A freely-available software developed by US researchers promises to track stolen laptops through the Internet, and even click a photograph of the thief.

Engineers at the University of Washington have dubbed the new theft-protection tool ‘Adeona’, after the Roman goddess of safe returns, and it can be downloaded for Linux, Windows, and Mac at adeona.cs.washington.edu.

“Adeona is free and easy to install, so anyone who owns a laptop, or even a small company, can use it to track their assets,” said researcher Gabriel Maganis. “We’re really hoping laptop users all over the world will install it on their machines.”

Once Adeona is installed, the notebook PC will occasionally send its Internet protocol address and related information to OpenDHT, a free online storage network. This information can be used to establish the computer’s general location.

On a Mac, Adeona also uses the computer’s internal camera to take a photo that it sends to the same server.

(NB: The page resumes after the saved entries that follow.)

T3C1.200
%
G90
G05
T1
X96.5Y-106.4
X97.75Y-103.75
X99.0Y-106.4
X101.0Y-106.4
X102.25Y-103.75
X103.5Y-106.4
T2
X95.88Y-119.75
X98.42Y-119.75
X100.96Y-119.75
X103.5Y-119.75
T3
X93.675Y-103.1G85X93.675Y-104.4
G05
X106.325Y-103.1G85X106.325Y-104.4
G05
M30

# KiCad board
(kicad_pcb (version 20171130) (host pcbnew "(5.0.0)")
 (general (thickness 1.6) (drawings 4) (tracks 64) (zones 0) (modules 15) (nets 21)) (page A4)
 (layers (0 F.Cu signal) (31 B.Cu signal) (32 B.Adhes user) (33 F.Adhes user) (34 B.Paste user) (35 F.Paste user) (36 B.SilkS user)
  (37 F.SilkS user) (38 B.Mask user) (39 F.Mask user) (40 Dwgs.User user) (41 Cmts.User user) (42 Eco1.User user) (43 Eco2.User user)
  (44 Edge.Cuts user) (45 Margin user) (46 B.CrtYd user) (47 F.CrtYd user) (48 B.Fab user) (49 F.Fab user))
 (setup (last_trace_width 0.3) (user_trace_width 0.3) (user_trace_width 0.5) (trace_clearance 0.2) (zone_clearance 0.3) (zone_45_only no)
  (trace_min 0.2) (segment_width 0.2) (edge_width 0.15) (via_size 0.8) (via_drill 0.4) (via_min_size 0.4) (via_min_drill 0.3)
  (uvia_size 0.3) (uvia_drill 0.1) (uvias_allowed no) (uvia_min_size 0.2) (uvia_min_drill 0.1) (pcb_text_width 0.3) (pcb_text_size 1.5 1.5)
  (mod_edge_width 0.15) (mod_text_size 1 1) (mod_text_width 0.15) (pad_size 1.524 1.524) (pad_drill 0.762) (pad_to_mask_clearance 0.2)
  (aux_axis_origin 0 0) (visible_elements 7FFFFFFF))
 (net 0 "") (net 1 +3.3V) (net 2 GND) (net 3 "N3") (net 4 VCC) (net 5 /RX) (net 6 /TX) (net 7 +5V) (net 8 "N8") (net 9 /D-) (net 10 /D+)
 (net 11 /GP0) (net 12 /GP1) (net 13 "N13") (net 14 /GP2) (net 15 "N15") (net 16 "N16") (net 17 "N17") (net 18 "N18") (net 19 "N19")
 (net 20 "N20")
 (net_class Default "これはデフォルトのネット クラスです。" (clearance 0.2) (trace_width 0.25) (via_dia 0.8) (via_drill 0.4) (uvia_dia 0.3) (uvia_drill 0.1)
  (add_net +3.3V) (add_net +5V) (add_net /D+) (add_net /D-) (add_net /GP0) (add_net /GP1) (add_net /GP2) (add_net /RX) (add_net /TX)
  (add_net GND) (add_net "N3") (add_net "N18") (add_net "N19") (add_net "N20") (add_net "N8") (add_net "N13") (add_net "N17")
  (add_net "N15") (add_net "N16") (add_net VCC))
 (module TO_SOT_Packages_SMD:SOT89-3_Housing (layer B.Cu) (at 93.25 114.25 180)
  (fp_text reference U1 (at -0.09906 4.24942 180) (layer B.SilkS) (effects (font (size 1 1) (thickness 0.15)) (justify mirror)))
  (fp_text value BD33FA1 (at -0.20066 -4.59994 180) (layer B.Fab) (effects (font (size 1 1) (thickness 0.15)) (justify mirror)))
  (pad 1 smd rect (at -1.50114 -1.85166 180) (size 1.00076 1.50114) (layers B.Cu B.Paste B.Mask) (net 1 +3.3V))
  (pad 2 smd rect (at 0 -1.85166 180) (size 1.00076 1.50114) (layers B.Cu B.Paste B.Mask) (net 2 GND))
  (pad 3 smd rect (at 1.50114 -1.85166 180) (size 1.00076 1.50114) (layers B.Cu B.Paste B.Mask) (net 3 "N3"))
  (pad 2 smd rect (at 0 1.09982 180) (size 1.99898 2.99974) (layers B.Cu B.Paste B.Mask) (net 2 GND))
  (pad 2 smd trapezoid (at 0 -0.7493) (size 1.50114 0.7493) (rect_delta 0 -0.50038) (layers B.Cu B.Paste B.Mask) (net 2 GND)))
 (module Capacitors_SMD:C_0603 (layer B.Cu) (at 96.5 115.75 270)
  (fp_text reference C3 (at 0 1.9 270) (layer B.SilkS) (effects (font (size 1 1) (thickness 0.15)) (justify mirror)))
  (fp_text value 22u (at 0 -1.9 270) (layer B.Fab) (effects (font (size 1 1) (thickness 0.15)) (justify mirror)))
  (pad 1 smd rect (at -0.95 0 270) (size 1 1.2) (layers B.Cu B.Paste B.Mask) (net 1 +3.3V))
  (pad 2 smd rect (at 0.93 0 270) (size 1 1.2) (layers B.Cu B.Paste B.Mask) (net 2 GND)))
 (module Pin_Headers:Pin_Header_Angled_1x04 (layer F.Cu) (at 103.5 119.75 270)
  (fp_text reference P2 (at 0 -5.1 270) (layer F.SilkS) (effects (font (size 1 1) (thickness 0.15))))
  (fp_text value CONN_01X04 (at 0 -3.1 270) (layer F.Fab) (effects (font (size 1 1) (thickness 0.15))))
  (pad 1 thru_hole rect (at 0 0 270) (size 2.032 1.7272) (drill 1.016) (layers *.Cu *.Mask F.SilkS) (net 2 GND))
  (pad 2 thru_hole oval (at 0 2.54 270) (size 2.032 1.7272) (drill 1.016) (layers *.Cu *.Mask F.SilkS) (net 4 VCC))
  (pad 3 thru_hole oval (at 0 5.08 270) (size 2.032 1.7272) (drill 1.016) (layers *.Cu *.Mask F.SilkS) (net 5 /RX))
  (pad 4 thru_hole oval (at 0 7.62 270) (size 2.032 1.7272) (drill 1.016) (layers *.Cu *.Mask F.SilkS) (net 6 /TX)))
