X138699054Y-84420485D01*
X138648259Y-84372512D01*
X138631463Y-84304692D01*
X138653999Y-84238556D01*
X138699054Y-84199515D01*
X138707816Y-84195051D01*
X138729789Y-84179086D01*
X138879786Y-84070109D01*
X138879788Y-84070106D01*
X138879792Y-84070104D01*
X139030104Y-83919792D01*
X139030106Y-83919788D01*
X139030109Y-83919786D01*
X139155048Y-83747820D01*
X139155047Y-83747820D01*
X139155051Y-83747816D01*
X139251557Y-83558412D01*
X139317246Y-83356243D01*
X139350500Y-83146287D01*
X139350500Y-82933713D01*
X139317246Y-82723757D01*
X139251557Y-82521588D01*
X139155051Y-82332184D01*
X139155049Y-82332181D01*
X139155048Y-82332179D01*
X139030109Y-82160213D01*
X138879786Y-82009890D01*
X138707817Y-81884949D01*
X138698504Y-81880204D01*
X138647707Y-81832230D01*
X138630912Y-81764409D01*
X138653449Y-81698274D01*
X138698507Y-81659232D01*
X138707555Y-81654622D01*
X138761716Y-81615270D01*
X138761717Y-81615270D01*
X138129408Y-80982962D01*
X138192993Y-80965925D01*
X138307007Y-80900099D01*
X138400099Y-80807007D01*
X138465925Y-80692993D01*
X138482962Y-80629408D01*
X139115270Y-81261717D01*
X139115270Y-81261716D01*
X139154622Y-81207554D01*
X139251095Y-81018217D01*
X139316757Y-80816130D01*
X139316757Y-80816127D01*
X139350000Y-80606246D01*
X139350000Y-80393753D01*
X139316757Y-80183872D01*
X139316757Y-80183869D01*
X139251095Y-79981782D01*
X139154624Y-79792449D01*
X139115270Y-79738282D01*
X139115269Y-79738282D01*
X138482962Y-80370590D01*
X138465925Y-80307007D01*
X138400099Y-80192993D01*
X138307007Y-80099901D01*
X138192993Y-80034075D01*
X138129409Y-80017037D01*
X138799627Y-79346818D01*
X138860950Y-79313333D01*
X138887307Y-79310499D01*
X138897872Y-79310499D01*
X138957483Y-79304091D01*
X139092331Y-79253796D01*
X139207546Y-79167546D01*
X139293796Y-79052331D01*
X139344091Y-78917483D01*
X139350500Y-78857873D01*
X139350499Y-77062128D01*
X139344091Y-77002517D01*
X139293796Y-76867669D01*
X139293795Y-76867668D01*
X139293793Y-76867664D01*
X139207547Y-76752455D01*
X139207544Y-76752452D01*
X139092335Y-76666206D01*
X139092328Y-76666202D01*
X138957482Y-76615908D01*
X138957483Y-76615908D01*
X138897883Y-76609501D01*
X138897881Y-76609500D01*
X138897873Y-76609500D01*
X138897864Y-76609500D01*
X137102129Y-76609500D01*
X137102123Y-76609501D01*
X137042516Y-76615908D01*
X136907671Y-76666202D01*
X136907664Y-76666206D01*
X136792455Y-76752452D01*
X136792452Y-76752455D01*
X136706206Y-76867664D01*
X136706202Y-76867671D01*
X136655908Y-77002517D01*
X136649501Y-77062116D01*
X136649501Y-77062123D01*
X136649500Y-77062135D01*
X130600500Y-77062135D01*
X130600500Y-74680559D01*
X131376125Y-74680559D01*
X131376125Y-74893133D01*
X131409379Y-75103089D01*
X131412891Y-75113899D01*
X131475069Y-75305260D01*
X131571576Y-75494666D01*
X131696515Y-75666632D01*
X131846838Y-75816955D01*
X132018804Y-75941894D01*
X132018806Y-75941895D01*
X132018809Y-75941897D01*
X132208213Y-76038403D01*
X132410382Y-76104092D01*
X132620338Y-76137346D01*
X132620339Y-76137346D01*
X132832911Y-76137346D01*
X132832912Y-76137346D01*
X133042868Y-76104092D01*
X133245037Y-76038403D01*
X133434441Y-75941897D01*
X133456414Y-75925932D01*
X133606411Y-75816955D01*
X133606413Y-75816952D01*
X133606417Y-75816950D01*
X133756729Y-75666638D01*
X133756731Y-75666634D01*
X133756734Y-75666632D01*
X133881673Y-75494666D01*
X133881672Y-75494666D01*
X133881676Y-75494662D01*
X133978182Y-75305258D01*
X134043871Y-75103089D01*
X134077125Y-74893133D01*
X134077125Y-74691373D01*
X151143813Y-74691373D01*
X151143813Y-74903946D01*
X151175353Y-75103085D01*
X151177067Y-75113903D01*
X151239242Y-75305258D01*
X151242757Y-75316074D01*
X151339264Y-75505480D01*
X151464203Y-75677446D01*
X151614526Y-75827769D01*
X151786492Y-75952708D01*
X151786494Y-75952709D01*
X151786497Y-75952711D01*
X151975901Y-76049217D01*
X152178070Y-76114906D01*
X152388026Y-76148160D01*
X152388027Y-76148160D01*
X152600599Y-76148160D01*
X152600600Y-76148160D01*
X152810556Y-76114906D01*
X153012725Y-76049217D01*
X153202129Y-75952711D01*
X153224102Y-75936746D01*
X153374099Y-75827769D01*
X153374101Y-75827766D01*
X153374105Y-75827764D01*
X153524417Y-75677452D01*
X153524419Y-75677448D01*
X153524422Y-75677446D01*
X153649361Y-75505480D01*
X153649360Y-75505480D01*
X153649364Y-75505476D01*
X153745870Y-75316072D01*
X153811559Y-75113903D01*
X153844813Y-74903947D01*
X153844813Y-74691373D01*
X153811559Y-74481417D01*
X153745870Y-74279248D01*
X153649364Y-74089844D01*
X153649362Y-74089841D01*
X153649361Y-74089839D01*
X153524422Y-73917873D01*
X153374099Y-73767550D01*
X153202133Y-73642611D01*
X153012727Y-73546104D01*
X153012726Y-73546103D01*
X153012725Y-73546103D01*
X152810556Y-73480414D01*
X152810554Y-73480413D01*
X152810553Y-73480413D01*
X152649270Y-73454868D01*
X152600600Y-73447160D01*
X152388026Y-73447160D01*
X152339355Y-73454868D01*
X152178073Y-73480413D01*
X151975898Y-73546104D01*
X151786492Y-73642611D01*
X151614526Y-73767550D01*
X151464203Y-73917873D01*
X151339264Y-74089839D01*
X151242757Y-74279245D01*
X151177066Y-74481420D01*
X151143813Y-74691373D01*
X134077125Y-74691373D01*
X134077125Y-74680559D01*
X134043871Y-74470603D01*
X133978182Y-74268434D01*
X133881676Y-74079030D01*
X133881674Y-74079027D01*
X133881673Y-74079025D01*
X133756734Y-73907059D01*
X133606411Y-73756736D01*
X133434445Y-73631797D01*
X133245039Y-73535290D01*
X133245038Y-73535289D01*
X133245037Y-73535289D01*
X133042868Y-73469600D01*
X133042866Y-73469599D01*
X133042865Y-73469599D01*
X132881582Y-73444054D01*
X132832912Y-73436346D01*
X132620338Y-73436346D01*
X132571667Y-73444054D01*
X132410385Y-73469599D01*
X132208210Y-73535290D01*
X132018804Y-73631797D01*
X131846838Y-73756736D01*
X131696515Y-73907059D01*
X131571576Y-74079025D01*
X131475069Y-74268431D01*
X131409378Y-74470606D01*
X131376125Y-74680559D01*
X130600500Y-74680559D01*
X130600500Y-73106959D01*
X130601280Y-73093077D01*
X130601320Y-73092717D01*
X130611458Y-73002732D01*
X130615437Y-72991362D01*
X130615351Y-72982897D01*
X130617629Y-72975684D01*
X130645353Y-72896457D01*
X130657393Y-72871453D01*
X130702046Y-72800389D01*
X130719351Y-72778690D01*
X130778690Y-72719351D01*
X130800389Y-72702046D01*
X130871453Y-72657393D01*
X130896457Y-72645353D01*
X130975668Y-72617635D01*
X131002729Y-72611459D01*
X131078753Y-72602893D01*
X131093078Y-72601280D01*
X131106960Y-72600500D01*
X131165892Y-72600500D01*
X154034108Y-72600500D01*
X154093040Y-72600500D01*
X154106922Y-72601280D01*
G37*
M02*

All the actions are done discreetly, without letting the user know.

And the information is secure and discreet. Adeona scrambles the data, so it must be deciphered using a password known only by the owner who set up the account.

The technology’s open-source nature also means it could be adapted for use in cellphones and other mobile devices. The boffins say they have already received requests for an iPhone version.
Adeona only requires downloading and installing a small software client. Adeona is free to use.